Sure -- it's just a pity neither you or me or anyone will ever come in contact
with them. _Everything_ we think/write/read is based on assumptions/axioms.
You don't even have to "dig" to realize that, you just have to scratch the
surface.

------
jasode
Well, "smart" can mean above-average problem-solving abilities, and/or
learning new cognitive skills at rate that's faster than the average
population.

Another definition of "smart" is the accumulation of _knowledge and facts_.

The 2nd definition is what the BBC headline and James Flynn is talking about.
He's concerned we're not _" smarter"_ in the sense of not reading more books,
and not knowing about history like The 30 Years War, etc. In contrast, when
another writer like Joel Spolsky talks about _" Smart and Gets Things
Done"_[1], he's emphasizing the 1st definition (aptitude).

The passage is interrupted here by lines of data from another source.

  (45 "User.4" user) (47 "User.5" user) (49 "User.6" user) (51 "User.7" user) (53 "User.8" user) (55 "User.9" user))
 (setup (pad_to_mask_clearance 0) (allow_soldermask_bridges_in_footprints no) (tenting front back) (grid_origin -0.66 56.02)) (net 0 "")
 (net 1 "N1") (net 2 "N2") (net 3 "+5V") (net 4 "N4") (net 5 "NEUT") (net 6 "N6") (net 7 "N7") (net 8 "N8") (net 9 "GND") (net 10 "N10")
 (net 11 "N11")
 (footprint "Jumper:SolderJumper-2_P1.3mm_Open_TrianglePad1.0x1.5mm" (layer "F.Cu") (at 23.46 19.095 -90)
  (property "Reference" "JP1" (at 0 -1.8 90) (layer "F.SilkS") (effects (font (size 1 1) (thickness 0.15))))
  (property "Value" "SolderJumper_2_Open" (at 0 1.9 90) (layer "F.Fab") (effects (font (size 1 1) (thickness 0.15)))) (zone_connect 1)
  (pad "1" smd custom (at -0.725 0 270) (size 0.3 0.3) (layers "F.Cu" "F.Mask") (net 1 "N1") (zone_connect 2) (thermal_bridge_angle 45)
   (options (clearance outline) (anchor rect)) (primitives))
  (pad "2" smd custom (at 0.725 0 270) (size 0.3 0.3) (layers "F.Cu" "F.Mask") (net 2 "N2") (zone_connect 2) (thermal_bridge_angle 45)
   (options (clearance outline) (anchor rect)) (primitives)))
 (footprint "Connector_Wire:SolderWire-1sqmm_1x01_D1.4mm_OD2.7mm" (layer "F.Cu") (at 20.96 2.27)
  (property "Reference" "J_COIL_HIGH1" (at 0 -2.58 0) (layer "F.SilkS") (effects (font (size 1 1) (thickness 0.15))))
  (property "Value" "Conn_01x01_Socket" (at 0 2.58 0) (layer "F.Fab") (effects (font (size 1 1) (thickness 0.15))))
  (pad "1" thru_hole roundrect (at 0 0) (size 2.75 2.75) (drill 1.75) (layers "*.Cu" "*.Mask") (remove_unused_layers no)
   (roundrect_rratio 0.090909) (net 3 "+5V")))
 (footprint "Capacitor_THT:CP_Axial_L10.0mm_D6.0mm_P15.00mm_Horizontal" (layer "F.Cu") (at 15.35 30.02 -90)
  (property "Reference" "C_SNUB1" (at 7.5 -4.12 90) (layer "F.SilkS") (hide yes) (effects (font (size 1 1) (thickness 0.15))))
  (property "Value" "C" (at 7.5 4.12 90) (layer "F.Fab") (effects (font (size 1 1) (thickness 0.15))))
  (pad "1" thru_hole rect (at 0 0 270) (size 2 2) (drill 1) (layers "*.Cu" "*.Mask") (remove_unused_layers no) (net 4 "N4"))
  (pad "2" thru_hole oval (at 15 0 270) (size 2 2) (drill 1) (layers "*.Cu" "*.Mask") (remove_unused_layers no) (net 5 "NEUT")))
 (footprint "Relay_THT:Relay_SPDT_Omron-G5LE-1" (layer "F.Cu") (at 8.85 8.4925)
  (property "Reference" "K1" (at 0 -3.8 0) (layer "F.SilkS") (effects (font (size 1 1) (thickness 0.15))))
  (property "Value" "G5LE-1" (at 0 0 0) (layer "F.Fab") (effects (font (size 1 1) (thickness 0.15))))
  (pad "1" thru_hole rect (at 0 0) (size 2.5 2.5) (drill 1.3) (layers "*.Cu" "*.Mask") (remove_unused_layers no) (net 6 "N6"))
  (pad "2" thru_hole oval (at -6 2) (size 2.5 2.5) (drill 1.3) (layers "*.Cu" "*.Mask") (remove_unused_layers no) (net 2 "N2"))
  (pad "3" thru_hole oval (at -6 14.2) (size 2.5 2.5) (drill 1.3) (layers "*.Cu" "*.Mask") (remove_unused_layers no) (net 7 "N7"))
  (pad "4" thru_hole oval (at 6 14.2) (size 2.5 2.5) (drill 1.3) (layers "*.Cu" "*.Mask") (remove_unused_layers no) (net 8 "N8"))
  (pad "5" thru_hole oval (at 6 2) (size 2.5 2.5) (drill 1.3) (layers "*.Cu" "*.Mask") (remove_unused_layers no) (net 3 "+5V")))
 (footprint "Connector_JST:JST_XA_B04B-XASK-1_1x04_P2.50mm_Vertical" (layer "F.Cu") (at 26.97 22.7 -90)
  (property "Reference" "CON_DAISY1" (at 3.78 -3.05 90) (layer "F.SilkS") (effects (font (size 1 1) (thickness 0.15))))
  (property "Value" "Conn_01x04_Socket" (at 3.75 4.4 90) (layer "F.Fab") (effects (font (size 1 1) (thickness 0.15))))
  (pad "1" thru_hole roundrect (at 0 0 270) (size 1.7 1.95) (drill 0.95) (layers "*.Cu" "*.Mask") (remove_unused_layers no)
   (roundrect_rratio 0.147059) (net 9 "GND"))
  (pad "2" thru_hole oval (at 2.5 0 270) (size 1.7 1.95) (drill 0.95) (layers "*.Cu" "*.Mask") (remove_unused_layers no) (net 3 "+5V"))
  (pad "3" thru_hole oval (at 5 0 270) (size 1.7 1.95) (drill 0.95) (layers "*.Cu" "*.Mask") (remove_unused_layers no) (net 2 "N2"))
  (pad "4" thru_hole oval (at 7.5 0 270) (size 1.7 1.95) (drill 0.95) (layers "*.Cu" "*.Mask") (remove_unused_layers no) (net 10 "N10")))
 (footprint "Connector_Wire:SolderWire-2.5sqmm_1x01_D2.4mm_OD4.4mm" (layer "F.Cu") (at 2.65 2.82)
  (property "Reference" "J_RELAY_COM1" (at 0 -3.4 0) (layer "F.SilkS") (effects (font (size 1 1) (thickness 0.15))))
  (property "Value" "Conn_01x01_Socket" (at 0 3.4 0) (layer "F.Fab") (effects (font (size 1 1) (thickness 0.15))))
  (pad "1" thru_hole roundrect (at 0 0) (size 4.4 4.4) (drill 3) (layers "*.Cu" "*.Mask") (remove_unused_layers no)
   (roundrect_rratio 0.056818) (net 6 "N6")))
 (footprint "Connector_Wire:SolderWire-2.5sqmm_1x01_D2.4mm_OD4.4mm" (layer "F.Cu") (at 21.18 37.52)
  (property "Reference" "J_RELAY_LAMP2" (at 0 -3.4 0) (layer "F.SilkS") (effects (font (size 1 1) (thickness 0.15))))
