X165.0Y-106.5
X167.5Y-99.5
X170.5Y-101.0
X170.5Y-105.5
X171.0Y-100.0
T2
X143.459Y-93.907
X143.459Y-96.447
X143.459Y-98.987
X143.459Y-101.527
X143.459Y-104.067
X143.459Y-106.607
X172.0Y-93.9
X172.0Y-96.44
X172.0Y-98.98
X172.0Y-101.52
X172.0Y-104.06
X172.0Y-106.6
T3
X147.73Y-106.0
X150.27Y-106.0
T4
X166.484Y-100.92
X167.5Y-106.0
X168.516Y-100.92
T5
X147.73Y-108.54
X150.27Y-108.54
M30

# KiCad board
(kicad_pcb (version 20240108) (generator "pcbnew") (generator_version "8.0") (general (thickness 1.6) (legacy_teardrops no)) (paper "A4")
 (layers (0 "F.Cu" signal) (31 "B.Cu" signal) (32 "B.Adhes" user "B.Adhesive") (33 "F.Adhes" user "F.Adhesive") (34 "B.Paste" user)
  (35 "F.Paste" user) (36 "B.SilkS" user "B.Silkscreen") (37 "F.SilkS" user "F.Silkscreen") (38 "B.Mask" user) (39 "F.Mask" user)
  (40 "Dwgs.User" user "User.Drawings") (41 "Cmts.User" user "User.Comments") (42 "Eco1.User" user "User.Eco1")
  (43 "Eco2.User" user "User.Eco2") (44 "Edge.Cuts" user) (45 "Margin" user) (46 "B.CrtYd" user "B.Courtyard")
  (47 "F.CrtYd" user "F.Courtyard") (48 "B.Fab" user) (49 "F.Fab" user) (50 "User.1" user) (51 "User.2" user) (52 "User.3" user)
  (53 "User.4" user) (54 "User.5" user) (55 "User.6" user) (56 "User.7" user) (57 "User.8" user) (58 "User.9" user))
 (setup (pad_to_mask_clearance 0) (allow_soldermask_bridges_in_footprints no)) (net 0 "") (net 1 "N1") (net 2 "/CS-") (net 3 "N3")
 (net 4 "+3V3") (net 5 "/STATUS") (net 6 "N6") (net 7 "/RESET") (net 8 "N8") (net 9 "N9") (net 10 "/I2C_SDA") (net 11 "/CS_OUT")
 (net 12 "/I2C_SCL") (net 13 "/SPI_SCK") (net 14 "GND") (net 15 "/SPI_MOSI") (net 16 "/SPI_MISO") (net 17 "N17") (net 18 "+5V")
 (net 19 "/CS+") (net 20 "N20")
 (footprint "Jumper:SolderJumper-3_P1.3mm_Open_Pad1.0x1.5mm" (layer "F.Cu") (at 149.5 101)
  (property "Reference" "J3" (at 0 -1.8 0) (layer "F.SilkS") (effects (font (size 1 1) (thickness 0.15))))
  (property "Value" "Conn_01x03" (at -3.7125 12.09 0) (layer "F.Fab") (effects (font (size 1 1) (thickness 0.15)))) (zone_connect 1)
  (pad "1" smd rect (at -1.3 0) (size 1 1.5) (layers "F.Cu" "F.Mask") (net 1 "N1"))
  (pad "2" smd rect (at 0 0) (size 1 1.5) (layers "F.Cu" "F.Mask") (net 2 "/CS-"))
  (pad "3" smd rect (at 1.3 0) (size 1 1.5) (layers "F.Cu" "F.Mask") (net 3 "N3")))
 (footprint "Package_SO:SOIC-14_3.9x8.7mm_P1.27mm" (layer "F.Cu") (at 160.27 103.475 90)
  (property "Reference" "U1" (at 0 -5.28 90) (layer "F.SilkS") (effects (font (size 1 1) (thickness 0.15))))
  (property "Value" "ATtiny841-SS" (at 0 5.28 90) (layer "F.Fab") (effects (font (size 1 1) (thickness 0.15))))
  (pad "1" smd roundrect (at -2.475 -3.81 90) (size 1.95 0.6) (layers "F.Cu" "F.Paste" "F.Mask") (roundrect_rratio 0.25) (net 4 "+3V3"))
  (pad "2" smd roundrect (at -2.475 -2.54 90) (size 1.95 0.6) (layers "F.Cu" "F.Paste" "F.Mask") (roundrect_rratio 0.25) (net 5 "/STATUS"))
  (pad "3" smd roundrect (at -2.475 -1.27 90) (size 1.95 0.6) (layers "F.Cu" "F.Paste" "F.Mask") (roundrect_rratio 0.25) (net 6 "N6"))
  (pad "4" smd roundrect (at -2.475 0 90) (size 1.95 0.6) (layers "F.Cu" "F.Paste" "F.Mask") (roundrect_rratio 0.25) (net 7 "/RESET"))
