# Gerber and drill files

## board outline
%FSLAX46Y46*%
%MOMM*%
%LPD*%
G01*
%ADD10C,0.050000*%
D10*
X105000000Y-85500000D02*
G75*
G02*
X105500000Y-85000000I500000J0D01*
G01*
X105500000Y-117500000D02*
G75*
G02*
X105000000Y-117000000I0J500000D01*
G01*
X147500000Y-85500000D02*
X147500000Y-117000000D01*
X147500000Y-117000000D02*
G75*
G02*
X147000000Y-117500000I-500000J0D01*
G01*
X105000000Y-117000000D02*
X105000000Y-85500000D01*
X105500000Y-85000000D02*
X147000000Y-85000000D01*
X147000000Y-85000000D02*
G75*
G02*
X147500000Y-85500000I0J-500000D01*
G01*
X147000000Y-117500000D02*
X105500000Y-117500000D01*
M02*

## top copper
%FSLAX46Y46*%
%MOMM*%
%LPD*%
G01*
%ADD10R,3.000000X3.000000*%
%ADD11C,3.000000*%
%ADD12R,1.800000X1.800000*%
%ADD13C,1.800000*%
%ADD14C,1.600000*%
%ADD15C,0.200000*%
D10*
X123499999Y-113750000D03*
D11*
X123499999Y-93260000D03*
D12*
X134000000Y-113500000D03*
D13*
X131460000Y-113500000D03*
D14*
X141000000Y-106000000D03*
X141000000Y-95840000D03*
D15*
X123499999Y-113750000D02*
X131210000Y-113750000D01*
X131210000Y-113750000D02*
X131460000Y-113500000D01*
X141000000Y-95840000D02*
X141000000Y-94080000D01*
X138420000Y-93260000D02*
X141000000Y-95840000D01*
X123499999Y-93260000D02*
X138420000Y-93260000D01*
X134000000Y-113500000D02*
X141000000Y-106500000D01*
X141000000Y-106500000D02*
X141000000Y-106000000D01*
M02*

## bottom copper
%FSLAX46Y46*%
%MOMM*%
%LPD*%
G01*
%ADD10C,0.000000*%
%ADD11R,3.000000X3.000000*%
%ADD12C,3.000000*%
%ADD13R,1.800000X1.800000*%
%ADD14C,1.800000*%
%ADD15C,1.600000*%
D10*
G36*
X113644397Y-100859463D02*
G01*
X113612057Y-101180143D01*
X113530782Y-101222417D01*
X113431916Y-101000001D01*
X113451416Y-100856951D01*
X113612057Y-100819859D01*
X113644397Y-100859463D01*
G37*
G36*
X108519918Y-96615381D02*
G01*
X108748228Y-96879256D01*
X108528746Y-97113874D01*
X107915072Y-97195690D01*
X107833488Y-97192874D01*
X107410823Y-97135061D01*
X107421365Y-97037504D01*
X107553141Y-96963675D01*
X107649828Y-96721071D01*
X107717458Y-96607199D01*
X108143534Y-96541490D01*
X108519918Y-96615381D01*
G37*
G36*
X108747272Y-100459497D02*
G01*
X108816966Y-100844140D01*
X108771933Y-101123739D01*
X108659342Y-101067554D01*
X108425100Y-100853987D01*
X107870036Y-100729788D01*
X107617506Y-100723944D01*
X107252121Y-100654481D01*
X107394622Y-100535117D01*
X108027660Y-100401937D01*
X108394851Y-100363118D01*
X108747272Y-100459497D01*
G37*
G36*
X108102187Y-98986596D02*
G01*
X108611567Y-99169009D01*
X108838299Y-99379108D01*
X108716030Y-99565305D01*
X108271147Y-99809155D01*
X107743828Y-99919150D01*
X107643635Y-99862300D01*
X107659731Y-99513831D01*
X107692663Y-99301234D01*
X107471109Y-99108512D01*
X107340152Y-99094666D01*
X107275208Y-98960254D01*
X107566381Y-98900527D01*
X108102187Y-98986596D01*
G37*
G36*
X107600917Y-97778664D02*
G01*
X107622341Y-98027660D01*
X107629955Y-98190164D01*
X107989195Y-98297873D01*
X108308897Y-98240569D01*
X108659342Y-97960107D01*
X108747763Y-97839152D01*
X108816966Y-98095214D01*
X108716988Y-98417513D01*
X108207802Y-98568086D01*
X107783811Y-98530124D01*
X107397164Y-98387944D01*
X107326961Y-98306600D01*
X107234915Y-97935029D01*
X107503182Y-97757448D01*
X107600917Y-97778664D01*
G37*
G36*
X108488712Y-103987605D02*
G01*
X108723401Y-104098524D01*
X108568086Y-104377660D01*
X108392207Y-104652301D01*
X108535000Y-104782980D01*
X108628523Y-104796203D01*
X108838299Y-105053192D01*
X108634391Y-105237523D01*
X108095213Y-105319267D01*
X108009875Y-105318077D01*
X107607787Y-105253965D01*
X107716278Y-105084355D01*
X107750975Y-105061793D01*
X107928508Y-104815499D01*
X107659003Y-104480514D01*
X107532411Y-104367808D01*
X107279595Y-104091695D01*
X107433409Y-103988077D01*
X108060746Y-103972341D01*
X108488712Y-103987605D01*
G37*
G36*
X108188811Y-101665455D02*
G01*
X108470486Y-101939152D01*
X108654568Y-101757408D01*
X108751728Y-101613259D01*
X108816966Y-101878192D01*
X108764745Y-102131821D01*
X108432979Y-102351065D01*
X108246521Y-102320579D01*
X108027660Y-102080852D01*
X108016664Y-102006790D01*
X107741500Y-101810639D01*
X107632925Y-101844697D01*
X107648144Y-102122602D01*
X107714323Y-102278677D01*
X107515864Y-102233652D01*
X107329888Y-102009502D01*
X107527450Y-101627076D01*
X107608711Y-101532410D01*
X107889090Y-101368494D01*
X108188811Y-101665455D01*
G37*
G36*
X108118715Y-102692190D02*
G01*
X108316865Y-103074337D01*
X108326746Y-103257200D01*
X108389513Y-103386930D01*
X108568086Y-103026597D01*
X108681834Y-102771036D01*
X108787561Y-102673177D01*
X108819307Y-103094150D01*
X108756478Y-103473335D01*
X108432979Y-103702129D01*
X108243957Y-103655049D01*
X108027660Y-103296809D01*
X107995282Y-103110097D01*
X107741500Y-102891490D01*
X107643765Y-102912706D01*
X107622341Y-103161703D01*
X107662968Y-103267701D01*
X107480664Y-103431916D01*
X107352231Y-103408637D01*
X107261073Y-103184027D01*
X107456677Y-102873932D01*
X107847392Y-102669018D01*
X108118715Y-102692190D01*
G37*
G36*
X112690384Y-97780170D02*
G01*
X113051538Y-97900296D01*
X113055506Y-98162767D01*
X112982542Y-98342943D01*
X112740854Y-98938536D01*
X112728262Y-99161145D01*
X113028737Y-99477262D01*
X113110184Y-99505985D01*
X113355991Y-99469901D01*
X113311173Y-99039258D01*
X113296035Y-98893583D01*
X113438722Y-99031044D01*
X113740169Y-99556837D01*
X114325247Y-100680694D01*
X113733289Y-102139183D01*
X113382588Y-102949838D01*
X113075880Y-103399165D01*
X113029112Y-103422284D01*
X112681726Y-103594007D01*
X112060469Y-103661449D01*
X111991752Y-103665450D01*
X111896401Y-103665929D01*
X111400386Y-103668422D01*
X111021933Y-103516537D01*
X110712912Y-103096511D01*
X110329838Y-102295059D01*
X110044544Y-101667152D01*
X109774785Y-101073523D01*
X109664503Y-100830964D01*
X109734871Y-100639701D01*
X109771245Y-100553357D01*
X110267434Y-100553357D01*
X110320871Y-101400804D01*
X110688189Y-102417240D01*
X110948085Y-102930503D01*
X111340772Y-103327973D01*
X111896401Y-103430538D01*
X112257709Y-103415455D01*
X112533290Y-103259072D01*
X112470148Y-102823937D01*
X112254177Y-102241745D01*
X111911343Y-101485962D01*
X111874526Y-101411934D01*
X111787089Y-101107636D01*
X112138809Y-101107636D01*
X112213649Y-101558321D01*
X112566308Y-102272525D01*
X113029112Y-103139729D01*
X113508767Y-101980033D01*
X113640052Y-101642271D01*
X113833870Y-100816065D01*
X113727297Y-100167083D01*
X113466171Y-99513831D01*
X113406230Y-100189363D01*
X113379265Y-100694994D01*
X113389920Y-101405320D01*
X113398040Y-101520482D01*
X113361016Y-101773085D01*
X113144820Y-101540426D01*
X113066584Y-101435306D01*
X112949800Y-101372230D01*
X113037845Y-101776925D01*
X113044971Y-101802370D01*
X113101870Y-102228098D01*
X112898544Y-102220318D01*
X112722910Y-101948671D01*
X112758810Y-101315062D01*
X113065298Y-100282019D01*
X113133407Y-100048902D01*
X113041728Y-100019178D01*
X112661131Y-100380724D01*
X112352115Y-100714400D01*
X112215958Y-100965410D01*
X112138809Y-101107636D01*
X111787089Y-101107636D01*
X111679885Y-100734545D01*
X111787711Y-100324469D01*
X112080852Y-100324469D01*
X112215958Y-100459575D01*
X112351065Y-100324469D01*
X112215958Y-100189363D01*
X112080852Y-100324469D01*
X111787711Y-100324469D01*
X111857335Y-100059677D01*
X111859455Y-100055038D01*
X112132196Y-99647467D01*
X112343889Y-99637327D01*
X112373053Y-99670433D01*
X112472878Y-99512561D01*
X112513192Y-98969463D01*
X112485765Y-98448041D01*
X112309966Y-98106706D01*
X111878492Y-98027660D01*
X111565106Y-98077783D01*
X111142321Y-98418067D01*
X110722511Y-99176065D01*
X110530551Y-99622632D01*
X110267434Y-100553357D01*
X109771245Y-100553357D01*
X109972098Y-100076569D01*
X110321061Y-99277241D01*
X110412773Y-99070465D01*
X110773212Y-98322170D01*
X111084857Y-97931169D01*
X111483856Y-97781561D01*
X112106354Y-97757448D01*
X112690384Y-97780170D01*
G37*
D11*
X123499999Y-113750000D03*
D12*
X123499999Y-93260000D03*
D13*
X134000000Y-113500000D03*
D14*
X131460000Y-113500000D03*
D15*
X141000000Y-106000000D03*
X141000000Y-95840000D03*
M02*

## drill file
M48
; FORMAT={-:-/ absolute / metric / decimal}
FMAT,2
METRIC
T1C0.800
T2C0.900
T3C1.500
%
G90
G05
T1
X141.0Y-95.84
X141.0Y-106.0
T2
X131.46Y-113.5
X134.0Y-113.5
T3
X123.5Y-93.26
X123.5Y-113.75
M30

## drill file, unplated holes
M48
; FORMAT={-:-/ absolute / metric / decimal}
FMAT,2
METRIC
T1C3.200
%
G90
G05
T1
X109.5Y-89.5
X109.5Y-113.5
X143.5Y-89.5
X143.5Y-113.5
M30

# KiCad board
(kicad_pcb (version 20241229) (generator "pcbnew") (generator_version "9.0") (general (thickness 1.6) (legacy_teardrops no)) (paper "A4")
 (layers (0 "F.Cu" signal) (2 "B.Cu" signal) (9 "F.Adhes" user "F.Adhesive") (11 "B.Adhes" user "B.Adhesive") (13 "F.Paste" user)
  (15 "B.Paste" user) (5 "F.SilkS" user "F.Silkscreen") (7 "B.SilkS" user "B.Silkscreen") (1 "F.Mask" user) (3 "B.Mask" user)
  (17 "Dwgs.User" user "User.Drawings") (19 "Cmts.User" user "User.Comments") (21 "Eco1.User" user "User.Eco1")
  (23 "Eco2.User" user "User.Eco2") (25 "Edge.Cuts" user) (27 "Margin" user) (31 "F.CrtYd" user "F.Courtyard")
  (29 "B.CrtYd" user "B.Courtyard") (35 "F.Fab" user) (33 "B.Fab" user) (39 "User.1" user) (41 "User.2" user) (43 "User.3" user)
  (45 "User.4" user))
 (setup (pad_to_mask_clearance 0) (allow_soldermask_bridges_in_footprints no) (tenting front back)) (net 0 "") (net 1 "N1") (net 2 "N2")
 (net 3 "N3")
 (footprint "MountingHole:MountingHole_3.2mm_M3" (layer "F.Cu") (at 143.5 89.5)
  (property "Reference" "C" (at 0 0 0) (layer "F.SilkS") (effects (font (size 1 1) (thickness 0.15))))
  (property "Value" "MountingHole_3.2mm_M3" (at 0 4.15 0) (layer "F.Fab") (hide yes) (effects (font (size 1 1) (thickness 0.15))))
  (pad "" np_thru_hole circle (at 0 0) (size 3.2 3.2) (drill 3.2) (layers "*.Cu" "*.Mask")))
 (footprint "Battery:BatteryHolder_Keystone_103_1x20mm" (layer "F.Cu") (at 123.499999 113.75 90)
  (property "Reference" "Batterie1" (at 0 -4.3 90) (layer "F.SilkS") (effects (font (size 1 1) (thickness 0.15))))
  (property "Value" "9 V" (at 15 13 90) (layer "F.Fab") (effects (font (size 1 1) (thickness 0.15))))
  (pad "1" thru_hole rect (at 0 0 90) (size 3 3) (drill 1.5) (layers "*.Cu" "*.Mask") (remove_unused_layers no) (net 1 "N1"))
  (pad "2" thru_hole circle (at 20.49 0 90) (size 3 3) (drill 1.5) (layers "*.Cu" "*.Mask") (remove_unused_layers no) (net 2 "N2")))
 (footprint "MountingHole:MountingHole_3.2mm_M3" (layer "F.Cu") (at 143.5 113.5)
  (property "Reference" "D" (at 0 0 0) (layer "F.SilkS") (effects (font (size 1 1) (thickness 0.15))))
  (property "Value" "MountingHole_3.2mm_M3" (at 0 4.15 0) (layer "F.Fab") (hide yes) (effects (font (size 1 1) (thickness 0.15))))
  (pad "" np_thru_hole circle (at 0 0) (size 3.2 3.2) (drill 3.2) (layers "*.Cu" "*.Mask")))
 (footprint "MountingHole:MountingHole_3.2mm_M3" (layer "F.Cu") (at 109.5 113.5)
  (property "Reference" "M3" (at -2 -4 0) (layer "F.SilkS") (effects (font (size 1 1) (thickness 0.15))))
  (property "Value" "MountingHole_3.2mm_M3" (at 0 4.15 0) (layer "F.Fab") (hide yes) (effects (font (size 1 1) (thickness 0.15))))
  (pad "" np_thru_hole circle (at 0 0) (size 3.2 3.2) (drill 3.2) (layers "*.Cu" "*.Mask")))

So yes, IQ and knowledge are decoupled from each other and can increase at
different rates. E.g. there are a lot of high-IQ physicists out there that can
solve crazy equations but are not interested in reading a bunch of history
books. In JF's framework, this makes those scientists "dumber".

[1][http://www.joelonsoftware.com/articles/GuerrillaInterviewing...](http://www.joelonsoftware.com/articles/GuerrillaInterviewing3.html)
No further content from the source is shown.